Let me try to address what you're saying and see if we still disagree.
> I pay them to learn my business, understand the requirements, and plan/build a solution within the scope of my company's means.
So yeah, I do understand that this is what people pay their most senior developers to do. At a certain level you're not just paying someone to write good code, but also to be able to take loose user requirements and plan a technical solution.
Typically in technical teams you'll have three layers of expertise:
- First you have your lead developers & TAs who are responsible for making, documenting and communicating high-level architectural decisions. They'll also work with business/product people to take their requirements and formulate technical solutions with their tech team.
- Below this you have your "senior developers" who are typically going to be experts in their technologies and will know an area of the codebase very well. This allows them to take those high level technical solutions and produce high-quality code which satisfies the requirements without hand-holding.
- Then finally you have your "junior developers" who are generally going to less experienced at software engineering and will have less experience with the technologies they're using. When given clear technical requirements they can produce workable code, but they will typically require some hand-holding from more senior members before their code is production-ready.
My argument is that tools like devin.ai makes this last group redundant today. Once you have the technical requirements devin.ai in almost all cases will be able to produce code equally as good or better than a junior developer.
devin.ai is also quite competitive with senior developers because at lot of what senior developers do isn't that complicated. A senior developer might need to create a new database model and some queries for example, and while they can do that very easily generally speaking devin.ai will be faster and more cost-effective than getting a senior developer to write that code. When it comes to more complicated requirements though devin.ai will struggle today and while it will generally produce 80% of the solution, you'll still need a senior developer to do that last 20%.
I agree with what you said about senior developers, although I would separate this group out further into senior developers and leads. If I was unclear, I don't think you can replace either with AI today and I don't think you'll be able to replace lead developers completely in < 3 years, but I do think senior developers will likely be replaceable in the vast majority of cases in 3-5 years.

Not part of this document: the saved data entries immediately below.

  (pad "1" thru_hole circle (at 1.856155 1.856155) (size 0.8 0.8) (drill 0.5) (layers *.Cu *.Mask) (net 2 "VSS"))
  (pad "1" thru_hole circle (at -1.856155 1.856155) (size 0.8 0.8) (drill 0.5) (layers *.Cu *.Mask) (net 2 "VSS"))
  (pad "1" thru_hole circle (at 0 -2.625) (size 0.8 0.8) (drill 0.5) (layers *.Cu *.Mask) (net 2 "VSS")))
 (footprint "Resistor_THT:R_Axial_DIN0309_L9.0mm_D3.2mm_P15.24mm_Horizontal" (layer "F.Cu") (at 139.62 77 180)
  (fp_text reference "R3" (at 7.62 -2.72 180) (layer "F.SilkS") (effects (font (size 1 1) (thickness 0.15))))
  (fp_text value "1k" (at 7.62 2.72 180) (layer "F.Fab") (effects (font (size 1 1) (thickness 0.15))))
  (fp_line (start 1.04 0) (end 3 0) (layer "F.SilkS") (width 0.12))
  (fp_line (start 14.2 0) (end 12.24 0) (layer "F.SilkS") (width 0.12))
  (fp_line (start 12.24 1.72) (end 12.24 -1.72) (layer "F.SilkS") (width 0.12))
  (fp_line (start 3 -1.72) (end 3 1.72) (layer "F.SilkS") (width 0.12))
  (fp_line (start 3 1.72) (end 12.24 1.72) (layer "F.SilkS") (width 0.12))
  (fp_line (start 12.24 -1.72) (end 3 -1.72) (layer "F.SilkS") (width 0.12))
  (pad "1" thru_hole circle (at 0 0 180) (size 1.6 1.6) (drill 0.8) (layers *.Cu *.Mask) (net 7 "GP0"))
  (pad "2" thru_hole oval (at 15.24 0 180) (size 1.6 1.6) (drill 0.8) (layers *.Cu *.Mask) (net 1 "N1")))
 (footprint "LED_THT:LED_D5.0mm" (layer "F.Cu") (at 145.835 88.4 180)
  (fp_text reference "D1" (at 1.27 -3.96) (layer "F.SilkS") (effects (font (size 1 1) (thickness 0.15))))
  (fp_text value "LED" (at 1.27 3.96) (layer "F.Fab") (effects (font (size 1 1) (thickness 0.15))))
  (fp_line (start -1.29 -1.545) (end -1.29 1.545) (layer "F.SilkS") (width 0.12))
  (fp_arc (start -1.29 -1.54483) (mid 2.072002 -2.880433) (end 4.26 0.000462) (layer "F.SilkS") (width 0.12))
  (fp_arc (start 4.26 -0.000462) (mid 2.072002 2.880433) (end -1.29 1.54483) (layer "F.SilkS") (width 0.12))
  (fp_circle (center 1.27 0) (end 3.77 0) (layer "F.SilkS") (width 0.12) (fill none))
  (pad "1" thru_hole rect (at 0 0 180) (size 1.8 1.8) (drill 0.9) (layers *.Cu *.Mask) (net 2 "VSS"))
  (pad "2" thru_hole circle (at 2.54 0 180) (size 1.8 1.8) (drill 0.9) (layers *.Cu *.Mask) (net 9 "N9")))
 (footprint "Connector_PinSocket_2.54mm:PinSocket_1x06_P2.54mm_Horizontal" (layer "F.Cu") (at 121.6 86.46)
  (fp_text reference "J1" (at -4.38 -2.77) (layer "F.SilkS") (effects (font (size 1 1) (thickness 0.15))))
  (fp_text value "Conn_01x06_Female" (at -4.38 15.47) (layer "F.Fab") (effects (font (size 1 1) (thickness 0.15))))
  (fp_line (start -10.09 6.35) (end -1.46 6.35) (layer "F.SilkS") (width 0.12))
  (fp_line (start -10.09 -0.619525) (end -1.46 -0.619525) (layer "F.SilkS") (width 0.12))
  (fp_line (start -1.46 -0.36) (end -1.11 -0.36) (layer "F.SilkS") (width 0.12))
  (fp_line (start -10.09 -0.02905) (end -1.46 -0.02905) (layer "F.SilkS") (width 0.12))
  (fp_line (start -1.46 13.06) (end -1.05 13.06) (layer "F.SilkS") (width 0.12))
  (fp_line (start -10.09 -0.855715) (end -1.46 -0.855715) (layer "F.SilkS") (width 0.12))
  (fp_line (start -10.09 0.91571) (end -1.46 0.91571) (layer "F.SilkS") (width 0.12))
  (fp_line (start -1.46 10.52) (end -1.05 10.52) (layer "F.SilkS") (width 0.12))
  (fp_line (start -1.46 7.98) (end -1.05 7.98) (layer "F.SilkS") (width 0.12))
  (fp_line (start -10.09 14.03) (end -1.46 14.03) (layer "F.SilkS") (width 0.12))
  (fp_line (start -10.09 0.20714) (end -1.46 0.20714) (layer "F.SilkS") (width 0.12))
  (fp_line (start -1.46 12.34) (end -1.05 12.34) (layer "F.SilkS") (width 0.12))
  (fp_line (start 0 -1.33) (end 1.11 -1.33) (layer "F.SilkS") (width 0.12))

I know some companies are still hiring juniors, but I'd argue if you're hiring junior developers today you're just not productivity and cost optimised. At the company I work at we don't have junior developers anymore because they slow us down. We actually tried to bring one in recently to help out with a few bits (more as a favour) and it was a waste of time.

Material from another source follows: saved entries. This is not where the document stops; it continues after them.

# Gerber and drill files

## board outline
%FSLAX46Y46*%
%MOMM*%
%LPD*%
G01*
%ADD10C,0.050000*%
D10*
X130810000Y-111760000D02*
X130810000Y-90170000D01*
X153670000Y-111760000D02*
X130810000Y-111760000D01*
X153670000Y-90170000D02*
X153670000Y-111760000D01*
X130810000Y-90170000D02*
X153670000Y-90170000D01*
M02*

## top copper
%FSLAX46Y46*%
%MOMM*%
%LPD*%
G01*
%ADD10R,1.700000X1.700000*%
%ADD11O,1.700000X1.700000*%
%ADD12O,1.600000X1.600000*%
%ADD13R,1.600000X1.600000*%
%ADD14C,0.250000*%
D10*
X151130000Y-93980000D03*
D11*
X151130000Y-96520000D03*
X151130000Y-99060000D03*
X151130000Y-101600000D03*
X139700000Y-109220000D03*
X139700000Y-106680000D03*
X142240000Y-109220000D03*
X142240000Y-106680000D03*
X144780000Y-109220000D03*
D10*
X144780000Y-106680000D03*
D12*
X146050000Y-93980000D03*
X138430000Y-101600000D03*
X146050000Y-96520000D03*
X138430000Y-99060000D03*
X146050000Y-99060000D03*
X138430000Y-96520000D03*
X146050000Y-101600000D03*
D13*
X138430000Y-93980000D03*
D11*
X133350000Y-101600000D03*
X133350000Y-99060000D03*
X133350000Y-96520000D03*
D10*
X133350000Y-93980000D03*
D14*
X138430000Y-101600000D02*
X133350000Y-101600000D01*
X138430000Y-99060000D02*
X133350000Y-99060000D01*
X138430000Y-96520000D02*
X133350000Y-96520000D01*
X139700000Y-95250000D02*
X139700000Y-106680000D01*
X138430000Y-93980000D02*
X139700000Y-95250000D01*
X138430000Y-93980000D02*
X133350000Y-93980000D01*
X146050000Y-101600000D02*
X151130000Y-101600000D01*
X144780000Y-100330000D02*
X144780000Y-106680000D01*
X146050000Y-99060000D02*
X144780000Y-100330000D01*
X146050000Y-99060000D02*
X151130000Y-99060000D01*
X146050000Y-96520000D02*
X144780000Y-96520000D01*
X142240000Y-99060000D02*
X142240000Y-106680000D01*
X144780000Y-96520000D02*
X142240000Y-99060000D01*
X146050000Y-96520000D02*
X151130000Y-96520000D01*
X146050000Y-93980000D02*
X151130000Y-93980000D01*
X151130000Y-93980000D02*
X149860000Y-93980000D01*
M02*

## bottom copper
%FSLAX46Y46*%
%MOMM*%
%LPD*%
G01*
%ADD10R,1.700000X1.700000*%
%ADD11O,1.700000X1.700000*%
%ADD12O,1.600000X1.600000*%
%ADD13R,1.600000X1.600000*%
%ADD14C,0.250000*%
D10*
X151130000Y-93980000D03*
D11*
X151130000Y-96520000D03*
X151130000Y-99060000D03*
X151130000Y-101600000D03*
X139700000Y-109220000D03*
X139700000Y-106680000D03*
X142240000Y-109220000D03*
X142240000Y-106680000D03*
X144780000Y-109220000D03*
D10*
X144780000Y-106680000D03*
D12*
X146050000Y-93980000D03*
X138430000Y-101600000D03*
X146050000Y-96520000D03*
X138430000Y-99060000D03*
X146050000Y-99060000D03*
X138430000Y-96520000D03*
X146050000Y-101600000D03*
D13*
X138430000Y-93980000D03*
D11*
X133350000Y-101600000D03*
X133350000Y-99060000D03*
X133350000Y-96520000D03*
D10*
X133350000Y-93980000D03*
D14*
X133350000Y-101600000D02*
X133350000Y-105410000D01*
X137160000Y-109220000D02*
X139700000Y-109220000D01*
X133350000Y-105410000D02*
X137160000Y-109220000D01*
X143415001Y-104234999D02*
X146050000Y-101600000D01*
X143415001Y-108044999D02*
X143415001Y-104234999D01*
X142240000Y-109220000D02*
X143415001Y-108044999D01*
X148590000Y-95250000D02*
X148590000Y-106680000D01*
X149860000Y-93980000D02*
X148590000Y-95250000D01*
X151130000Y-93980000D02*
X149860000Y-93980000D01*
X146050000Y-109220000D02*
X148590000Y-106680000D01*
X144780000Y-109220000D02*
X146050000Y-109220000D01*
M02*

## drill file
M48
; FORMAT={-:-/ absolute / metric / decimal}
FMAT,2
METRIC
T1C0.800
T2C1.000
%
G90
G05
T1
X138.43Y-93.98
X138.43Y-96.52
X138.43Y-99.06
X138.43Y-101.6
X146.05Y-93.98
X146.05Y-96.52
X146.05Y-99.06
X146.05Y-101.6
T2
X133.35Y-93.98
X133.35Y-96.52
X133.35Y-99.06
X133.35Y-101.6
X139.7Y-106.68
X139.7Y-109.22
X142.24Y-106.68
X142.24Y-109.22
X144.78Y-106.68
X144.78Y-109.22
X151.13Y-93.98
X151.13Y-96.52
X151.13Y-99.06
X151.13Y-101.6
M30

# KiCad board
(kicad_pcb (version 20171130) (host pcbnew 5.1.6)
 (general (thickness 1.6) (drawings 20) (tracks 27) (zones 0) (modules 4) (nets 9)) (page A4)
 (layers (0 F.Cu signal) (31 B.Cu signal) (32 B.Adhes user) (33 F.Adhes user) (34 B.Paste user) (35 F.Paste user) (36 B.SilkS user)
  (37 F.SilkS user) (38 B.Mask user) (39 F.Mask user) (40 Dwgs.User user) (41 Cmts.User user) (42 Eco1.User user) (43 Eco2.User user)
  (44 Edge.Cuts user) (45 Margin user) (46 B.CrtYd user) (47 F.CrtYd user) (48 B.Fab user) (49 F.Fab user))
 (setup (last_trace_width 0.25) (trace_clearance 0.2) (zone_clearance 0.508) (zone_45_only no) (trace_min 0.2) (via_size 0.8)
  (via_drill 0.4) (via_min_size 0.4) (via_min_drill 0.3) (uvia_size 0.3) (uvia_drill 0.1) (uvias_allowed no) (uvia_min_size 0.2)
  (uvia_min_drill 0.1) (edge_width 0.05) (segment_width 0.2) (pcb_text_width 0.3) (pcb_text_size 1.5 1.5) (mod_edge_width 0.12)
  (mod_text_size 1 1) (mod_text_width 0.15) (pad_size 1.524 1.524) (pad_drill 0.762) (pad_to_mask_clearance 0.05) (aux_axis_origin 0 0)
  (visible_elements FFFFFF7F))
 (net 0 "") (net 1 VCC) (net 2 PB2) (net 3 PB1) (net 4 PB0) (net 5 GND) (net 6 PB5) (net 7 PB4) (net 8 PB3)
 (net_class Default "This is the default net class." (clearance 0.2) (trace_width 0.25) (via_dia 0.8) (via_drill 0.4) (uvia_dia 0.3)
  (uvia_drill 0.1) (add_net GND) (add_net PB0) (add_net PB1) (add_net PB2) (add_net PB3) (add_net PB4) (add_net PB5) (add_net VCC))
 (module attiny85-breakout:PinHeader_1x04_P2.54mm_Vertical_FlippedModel (layer F.Cu) (at 151.13 93.98)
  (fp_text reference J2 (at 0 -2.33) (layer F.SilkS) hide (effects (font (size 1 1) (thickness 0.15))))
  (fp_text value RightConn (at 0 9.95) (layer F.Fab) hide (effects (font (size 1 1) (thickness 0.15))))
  (pad 1 thru_hole rect (at 0 0) (size 1.7 1.7) (drill 1) (layers *.Cu *.Mask) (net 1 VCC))
  (pad 2 thru_hole oval (at 0 2.54) (size 1.7 1.7) (drill 1) (layers *.Cu *.Mask) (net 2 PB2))
  (pad 3 thru_hole oval (at 0 5.08) (size 1.7 1.7) (drill 1) (layers *.Cu *.Mask) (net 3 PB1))
  (pad 4 thru_hole oval (at 0 7.62) (size 1.7 1.7) (drill 1) (layers *.Cu *.Mask) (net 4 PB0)))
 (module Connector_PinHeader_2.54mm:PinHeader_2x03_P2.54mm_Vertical (layer F.Cu) (at 144.78 106.68 270)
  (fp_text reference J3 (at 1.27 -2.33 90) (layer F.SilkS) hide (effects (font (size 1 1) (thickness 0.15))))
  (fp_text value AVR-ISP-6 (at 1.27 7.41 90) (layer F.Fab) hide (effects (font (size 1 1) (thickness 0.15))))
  (pad 6 thru_hole oval (at 2.54 5.08 270) (size 1.7 1.7) (drill 1) (layers *.Cu *.Mask) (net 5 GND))
  (pad 5 thru_hole oval (at 0 5.08 270) (size 1.7 1.7) (drill 1) (layers *.Cu *.Mask) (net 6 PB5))
  (pad 4 thru_hole oval (at 2.54 2.54 270) (size 1.7 1.7) (drill 1) (layers *.Cu *.Mask) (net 4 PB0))
  (pad 3 thru_hole oval (at 0 2.54 270) (size 1.7 1.7) (drill 1) (layers *.Cu *.Mask) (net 2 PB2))
  (pad 2 thru_hole oval (at 2.54 0 270) (size 1.7 1.7) (drill 1) (layers *.Cu *.Mask) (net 1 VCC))
  (pad 1 thru_hole rect (at 0 0 270) (size 1.7 1.7) (drill 1) (layers *.Cu *.Mask) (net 3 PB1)))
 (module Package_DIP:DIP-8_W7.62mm (layer F.Cu) (at 138.43 93.98)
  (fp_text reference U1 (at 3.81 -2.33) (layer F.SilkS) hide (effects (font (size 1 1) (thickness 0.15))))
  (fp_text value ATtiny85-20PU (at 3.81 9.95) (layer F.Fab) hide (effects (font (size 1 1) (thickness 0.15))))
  (pad 8 thru_hole oval (at 7.62 0) (size 1.6 1.6) (drill 0.8) (layers *.Cu *.Mask) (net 1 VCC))
  (pad 4 thru_hole oval (at 0 7.62) (size 1.6 1.6) (drill 0.8) (layers *.Cu *.Mask) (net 5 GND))
  (pad 7 thru_hole oval (at 7.62 2.54) (size 1.6 1.6) (drill 0.8) (layers *.Cu *.Mask) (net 2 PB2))
  (pad 3 thru_hole oval (at 0 5.08) (size 1.6 1.6) (drill 0.8) (layers *.Cu *.Mask) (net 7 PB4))
  (pad 6 thru_hole oval (at 7.62 5.08) (size 1.6 1.6) (drill 0.8) (layers *.Cu *.Mask) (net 3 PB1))
  (pad 2 thru_hole oval (at 0 2.54) (size 1.6 1.6) (drill 0.8) (layers *.Cu *.Mask) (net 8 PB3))
  (pad 5 thru_hole oval (at 7.62 7.62) (size 1.6 1.6) (drill 0.8) (layers *.Cu *.Mask) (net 4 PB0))
  (pad 1 thru_hole rect (at 0 0) (size 1.6 1.6) (drill 0.8) (layers *.Cu *.Mask) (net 6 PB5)))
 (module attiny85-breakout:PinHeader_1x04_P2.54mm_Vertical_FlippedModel (layer F.Cu) (at 133.35 93.98)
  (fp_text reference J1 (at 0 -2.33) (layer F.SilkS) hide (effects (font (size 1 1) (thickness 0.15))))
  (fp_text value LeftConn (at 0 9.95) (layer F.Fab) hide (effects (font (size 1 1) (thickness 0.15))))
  (pad 4 thru_hole oval (at 0 7.62) (size 1.7 1.7) (drill 1) (layers *.Cu *.Mask) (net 5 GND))
  (pad 3 thru_hole oval (at 0 5.08) (size 1.7 1.7) (drill 1) (layers *.Cu *.Mask) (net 7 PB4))
  (pad 2 thru_hole oval (at 0 2.54) (size 1.7 1.7) (drill 1) (layers *.Cu *.Mask) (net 8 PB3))
  (pad 1 thru_hole rect (at 0 0) (size 1.7 1.7) (drill 1) (layers *.Cu *.Mask) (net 6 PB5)))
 (gr_line (start 130.81 111.76) (end 130.81 90.17) (layer Edge.Cuts) (width 0.05))
 (gr_line (start 153.67 111.76) (end 130.81 111.76) (layer Edge.Cuts) (width 0.05))
 (gr_line (start 153.67 90.17) (end 153.67 111.76) (layer Edge.Cuts) (width 0.05))
 (gr_line (start 130.81 90.17) (end 153.67 90.17) (layer Edge.Cuts) (width 0.05))
 (segment (start 138.43 101.6) (end 133.35 101.6) (width 0.25) (layer F.Cu) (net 5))
 (segment (start 133.35 101.6) (end 133.35 105.41) (width 0.25) (layer B.Cu) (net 5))
 (segment (start 137.16 109.22) (end 139.7 109.22) (width 0.25) (layer B.Cu) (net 5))
 (segment (start 133.35 105.41) (end 137.16 109.22) (width 0.25) (layer B.Cu) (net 5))
 (segment (start 138.43 99.06) (end 133.35 99.06) (width 0.25) (layer F.Cu) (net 7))
 (segment (start 138.43 96.52) (end 133.35 96.52) (width 0.25) (layer F.Cu) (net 8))
 (segment (start 139.7 95.25) (end 139.7 106.68) (width 0.25) (layer F.Cu) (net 6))
 (segment (start 138.43 93.98) (end 139.7 95.25) (width 0.25) (layer F.Cu) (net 6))
 (segment (start 138.43 93.98) (end 133.35 93.98) (width 0.25) (layer F.Cu) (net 6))
 (segment (start 146.05 101.6) (end 151.13 101.6) (width 0.25) (layer F.Cu) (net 4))
 (segment (start 143.415001 104.234999) (end 146.05 101.6) (width 0.25) (layer B.Cu) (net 4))
 (segment (start 143.415001 108.044999) (end 143.415001 104.234999) (width 0.25) (layer B.Cu) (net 4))
 (segment (start 142.24 109.22) (end 143.415001 108.044999) (width 0.25) (layer B.Cu) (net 4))
 (segment (start 144.78 100.33) (end 144.78 106.68) (width 0.25) (layer F.Cu) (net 3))
 (segment (start 146.05 99.06) (end 144.78 100.33) (width 0.25) (layer F.Cu) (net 3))
 (segment (start 146.05 99.06) (end 151.13 99.06) (width 0.25) (layer F.Cu) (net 3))
 (segment (start 146.05 96.52) (end 144.78 96.52) (width 0.25) (layer F.Cu) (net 2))
 (segment (start 142.24 99.06) (end 142.24 106.68) (width 0.25) (layer F.Cu) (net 2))
 (segment (start 144.78 96.52) (end 142.24 99.06) (width 0.25) (layer F.Cu) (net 2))
 (segment (start 146.05 96.52) (end 151.13 96.52) (width 0.25) (layer F.Cu) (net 2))
 (segment (start 146.05 93.98) (end 151.13 93.98) (width 0.25) (layer F.Cu) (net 1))
 (segment (start 151.13 93.98) (end 149.86 93.98) (width 0.25) (layer F.Cu) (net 1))
 (segment (start 148.59 95.25) (end 148.59 106.68) (width 0.25) (layer B.Cu) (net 1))
 (segment (start 149.86 93.98) (end 148.59 95.25) (width 0.25) (layer B.Cu) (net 1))
 (segment (start 151.13 93.98) (end 149.86 93.98) (width 0.25) (layer B.Cu) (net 1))
 (segment (start 146.05 109.22) (end 148.59 106.68) (width 0.25) (layer B.Cu) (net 1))
 (segment (start 144.78 109.22) (end 146.05 109.22) (width 0.25) (layer B.Cu) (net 1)))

It's not that junior developers are useless, but that in the vast majority of cases it's quicker, cheaper and easier to work with devin.ai than go back and forth with a junior developer.
> Please don't take it as me attacking you. I'd actually love to have this conversation with you on my podcast (link in description). I think it'd be a great one!
It's cool lol. I'm too autistic to care. It good to attack if you feel strongly. I'd love to come on your podcast and would be interested to hear a debate on this, but I struggle with speech so it just wouldn't work.
I'm kinda surprised people are even finding what I'm saying controversial to be honest. I'd be interested if those disagreeing are even using AI in development stacks.
> What would a junior developer be doing? Genuinely wondering what you would pay a junior developer to do today which couldn't do more cost effectively with AI?
Well hopefully the amount of companies needing senior devs will double in 2-3 years then otherwise we wont be able to find a job since we'll have been automated away
I agree the parent statement seemed a bit "incomplete", high level and hasty, however it's not inconceivable to me that AI will continue to help even the senior devs be way more productive - and even to double productivity (or more..) feels very plausible.